Passar esse consumo de energia, seja num ou noutro componente, levará o APU a sobreaquecer. De notar porém que por norma o CPU nunca é o problema, sendo que este está sempre no GPU uma vez que os seus consumos são muito mais elevados.
Mas no caso da PS5, isso não acontece assim!
Primeiro porque já vimos que a PS5 não pode sobreaquecer.
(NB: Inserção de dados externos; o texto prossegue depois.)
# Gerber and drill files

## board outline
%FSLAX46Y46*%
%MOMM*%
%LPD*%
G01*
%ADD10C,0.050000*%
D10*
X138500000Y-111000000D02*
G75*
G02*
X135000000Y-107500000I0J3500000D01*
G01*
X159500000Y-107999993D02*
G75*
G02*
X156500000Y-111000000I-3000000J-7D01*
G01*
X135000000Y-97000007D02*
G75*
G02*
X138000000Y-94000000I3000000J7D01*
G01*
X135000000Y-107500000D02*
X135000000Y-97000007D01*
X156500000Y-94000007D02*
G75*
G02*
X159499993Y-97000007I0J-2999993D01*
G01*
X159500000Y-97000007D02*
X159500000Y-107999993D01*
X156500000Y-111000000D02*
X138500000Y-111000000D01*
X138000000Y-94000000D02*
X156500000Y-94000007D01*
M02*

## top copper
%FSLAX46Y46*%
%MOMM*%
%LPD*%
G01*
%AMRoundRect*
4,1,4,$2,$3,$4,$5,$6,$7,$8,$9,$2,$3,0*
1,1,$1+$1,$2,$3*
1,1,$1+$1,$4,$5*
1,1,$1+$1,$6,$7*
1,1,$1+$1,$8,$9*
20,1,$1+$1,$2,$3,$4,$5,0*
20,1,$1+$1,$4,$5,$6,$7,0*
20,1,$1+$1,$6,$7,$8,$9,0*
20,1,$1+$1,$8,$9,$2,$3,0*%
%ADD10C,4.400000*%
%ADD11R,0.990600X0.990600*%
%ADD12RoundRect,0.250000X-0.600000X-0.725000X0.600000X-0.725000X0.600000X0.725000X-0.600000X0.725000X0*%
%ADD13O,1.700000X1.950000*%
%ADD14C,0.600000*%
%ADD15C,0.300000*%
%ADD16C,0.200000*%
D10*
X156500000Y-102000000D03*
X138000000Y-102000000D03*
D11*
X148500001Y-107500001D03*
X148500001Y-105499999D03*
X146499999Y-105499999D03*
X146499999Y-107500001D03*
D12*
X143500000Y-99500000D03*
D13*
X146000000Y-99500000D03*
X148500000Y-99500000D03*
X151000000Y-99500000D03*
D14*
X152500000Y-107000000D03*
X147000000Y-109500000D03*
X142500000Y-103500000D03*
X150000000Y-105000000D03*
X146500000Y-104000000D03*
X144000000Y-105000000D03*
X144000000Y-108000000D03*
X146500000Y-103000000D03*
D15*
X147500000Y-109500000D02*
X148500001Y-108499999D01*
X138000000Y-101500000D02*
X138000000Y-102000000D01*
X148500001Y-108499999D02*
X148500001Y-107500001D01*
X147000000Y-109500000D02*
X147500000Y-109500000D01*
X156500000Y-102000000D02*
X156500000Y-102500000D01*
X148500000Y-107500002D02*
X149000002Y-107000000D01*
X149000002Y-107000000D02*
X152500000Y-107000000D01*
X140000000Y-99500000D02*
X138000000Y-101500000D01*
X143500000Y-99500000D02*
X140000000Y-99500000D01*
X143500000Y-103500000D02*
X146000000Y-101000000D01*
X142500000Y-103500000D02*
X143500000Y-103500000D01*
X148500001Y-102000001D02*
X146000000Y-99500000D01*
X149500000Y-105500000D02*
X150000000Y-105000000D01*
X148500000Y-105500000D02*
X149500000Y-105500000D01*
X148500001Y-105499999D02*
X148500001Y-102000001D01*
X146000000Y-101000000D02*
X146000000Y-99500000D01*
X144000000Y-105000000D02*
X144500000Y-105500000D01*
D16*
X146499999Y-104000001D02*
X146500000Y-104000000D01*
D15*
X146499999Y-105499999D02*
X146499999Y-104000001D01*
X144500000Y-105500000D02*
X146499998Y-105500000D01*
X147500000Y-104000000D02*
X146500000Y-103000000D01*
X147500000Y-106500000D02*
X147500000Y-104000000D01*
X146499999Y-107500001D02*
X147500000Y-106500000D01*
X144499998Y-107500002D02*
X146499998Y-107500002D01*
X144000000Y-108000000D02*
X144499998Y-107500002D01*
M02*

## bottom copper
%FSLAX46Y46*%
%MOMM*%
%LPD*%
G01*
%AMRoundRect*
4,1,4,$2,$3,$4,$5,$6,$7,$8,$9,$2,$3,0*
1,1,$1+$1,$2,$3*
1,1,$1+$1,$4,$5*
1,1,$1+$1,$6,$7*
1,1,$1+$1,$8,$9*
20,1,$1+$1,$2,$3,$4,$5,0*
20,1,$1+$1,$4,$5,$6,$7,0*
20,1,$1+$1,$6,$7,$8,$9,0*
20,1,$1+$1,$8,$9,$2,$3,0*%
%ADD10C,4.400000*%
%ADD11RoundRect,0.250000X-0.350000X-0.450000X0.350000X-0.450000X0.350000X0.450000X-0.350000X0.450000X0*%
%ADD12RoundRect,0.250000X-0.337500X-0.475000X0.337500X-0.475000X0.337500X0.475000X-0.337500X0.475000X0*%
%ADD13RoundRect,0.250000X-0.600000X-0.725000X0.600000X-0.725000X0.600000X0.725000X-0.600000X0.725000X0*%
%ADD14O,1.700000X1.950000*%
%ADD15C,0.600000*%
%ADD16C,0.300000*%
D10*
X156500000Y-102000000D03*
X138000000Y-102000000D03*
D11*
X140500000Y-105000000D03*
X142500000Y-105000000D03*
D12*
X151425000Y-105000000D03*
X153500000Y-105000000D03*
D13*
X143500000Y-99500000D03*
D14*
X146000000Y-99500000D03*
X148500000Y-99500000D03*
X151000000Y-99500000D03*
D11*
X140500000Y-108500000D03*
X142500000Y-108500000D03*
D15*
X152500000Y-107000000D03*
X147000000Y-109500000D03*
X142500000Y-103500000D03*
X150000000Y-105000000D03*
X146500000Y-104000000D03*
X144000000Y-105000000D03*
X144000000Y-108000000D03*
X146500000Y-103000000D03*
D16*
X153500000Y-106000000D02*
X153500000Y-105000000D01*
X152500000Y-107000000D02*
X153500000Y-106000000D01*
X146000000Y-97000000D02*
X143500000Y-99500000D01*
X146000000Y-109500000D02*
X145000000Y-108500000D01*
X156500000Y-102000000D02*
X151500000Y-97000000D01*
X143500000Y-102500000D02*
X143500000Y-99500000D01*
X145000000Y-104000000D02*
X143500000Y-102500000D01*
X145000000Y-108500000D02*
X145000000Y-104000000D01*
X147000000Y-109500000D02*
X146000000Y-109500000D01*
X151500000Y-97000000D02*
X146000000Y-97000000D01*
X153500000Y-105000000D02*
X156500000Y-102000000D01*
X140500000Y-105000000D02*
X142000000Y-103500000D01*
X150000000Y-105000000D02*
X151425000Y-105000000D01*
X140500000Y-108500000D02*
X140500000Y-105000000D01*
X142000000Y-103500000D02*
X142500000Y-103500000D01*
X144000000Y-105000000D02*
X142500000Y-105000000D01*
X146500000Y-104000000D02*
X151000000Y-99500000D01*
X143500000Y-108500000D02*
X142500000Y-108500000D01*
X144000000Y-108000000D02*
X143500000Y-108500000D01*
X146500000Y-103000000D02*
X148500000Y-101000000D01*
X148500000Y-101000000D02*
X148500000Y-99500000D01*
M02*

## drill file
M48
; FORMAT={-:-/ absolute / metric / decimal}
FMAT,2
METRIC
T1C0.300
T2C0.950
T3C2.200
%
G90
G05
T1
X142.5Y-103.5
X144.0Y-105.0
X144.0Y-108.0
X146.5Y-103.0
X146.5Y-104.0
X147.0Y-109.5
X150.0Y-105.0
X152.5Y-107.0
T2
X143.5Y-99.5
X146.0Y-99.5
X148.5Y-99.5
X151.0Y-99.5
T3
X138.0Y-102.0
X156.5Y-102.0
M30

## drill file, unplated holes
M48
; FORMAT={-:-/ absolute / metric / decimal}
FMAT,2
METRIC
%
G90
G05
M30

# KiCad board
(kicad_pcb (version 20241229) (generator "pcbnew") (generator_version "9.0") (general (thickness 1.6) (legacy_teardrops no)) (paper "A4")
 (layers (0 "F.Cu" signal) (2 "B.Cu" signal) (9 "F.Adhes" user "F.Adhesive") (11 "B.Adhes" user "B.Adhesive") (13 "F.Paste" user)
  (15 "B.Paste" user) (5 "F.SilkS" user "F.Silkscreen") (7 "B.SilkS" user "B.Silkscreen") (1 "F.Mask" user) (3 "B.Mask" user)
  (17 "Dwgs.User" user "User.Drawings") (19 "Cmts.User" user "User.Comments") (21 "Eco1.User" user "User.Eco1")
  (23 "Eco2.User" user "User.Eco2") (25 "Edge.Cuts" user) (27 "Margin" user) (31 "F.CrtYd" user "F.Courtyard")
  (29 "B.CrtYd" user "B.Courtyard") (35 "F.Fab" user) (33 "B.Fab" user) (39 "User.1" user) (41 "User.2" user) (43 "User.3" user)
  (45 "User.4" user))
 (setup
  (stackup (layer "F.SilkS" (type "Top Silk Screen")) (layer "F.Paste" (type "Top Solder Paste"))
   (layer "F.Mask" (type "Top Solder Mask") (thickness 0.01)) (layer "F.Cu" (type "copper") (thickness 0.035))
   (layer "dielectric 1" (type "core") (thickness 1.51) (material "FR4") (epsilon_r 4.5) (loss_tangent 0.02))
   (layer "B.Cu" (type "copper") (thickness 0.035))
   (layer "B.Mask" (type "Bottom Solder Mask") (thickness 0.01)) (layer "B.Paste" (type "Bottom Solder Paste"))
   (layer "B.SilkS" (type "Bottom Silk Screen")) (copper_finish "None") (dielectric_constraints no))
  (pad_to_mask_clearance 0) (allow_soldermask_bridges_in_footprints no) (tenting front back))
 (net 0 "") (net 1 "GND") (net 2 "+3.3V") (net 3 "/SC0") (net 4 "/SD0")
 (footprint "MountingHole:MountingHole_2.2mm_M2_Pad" (layer "F.Cu") (at 156.5 102)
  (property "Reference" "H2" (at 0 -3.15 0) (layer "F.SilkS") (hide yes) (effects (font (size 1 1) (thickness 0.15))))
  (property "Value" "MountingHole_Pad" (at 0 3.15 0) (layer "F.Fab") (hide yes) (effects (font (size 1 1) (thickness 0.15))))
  (pad "1" thru_hole circle (at 0 0) (size 4.4 4.4) (drill 2.2) (layers "*.Cu" "*.Mask") (remove_unused_layers no) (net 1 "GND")
   (zone_connect 2)))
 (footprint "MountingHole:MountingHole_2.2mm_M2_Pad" (layer "F.Cu") (at 138 102)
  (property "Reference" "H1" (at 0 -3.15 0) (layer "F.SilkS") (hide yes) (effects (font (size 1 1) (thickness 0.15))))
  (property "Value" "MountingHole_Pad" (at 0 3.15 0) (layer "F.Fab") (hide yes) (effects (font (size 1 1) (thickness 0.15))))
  (pad "1" thru_hole circle (at 0 0) (size 4.4 4.4) (drill 2.2) (layers "*.Cu" "*.Mask") (remove_unused_layers no) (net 1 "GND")
   (zone_connect 2)))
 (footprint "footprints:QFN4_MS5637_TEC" (layer "F.Cu") (at 147.5 106.5 180)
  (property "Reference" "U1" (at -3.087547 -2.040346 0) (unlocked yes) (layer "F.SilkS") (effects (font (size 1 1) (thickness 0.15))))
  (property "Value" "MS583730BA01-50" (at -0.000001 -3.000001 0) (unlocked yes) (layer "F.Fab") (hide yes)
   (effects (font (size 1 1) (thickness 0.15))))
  (pad "1" smd rect (at -1.000001 -1.000001 180) (size 0.9906 0.9906) (layers "F.Cu" "F.Mask" "F.Paste") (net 1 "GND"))
  (pad "2" smd rect (at -1.000001 1.000001 180) (size 0.9906 0.9906) (layers "F.Cu" "F.Mask" "F.Paste") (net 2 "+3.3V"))
  (pad "3" smd rect (at 1.000001 1.000001 180) (size 0.9906 0.9906) (layers "F.Cu" "F.Mask" "F.Paste") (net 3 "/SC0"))
  (pad "4" smd rect (at 1.000001 -1.000001 180) (size 0.9906 0.9906) (layers "F.Cu" "F.Mask" "F.Paste") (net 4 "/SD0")))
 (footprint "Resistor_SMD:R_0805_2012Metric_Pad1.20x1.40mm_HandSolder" (layer "B.Cu") (at 141.5 105)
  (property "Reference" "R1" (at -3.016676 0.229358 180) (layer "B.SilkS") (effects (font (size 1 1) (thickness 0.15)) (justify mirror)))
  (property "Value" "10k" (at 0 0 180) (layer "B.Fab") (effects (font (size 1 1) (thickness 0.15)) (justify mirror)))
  (pad "1" smd roundrect (at -1 0) (size 1.2 1.4) (layers "B.Cu" "B.Mask" "B.Paste") (roundrect_rratio 0.208333) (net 2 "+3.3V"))
  (pad "2" smd roundrect (at 1 0) (size 1.2 1.4) (layers "B.Cu" "B.Mask" "B.Paste") (roundrect_rratio 0.208333) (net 3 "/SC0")))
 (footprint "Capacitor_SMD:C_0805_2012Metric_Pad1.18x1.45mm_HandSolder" (layer "B.Cu") (at 152.4625 105)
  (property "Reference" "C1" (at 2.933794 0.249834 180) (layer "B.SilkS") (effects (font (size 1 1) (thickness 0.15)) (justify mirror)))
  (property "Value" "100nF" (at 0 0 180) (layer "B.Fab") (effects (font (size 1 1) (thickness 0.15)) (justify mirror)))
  (pad "1" smd roundrect (at -1.0375 0) (size 1.175 1.45) (layers "B.Cu" "B.Mask" "B.Paste") (roundrect_rratio 0.212766) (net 2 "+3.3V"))
  (pad "2" smd roundrect (at 1.0375 0) (size 1.175 1.45) (layers "B.Cu" "B.Mask" "B.Paste") (roundrect_rratio 0.212766) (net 1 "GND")))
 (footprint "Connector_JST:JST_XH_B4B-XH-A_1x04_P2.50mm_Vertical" (layer "B.Cu") (at 143.5 99.5)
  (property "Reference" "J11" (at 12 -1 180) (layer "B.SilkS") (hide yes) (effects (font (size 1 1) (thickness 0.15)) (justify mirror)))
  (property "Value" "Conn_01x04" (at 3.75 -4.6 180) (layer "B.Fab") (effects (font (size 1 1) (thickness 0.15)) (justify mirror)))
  (pad "1" thru_hole roundrect (at 0 0) (size 1.7 1.95) (drill 0.95) (layers "*.Cu" "*.Mask") (remove_unused_layers no)
   (roundrect_rratio 0.147059) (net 1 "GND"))
  (pad "2" thru_hole oval (at 2.5 0) (size 1.7 1.95) (drill 0.95) (layers "*.Cu" "*.Mask") (remove_unused_layers no) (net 2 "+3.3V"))
  (pad "3" thru_hole oval (at 5 0) (size 1.7 1.95) (drill 0.95) (layers "*.Cu" "*.Mask") (remove_unused_layers no) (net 4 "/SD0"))
  (pad "4" thru_hole oval (at 7.5 0) (size 1.7 1.95) (drill 0.95) (layers "*.Cu" "*.Mask") (remove_unused_layers no) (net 3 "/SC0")))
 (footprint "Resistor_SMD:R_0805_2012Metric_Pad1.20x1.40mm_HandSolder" (layer "B.Cu") (at 141.5 108.5)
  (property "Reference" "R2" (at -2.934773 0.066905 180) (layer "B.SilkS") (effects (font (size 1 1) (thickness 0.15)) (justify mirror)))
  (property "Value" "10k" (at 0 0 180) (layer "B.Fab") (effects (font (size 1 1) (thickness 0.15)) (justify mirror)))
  (pad "1" smd roundrect (at -1 0) (size 1.2 1.4) (layers "B.Cu" "B.Mask" "B.Paste") (roundrect_rratio 0.208333) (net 2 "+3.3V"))
  (pad "2" smd roundrect (at 1 0) (size 1.2 1.4) (layers "B.Cu" "B.Mask" "B.Paste") (roundrect_rratio 0.208333) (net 4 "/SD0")))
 (gr_arc (start 138.5 111) (mid 136.025126 109.974874) (end 135 107.5) (stroke (width 0.05) (type default)) (layer "Edge.Cuts"))
 (gr_arc (start 159.5 107.999993) (mid 158.621323 110.121318) (end 156.5 111) (stroke (width 0.05) (type default)) (layer "Edge.Cuts"))
 (gr_arc (start 135 97.000007) (mid 135.878677 94.878682) (end 138 94) (stroke (width 0.05) (type default)) (layer "Edge.Cuts"))
 (gr_line (start 135 107.5) (end 135 97.000007) (stroke (width 0.05) (type default)) (layer "Edge.Cuts"))
 (gr_arc (start 156.5 94.000007) (mid 158.62132 94.878687) (end 159.5 97.000007) (stroke (width 0.05) (type default)) (layer "Edge.Cuts"))
 (gr_line (start 159.5 97.000007) (end 159.5 107.999993) (stroke (width 0.05) (type default)) (layer "Edge.Cuts"))
 (gr_line (start 156.5 111) (end 138.5 111) (stroke (width 0.05) (type default)) (layer "Edge.Cuts"))
 (gr_line (start 138 94) (end 156.5 94.000007) (stroke (width 0.05) (type solid)) (layer "Edge.Cuts"))
 (segment (start 147.5 109.5) (end 148.500001 108.499999) (width 0.3) (layer "F.Cu") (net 1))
Se alguma vez ela passar o limite num daqueles casos que acontecem um par de vezes ao longo de uma geração (e como já referido, por norma o GPU é quem o pode fazer), a PS5 poderá ter de fazer um downclock para manter os consumos dentro do estimado e a térmica sob controlo.
Mas aqui entra em jogo a tecnologia Smartshift da AMD. Para evitar ao máximo que esse downclock aconteça.
Imaginemos então que o GPU entraria numa dessas raras situações e passaria o seu limite de energia.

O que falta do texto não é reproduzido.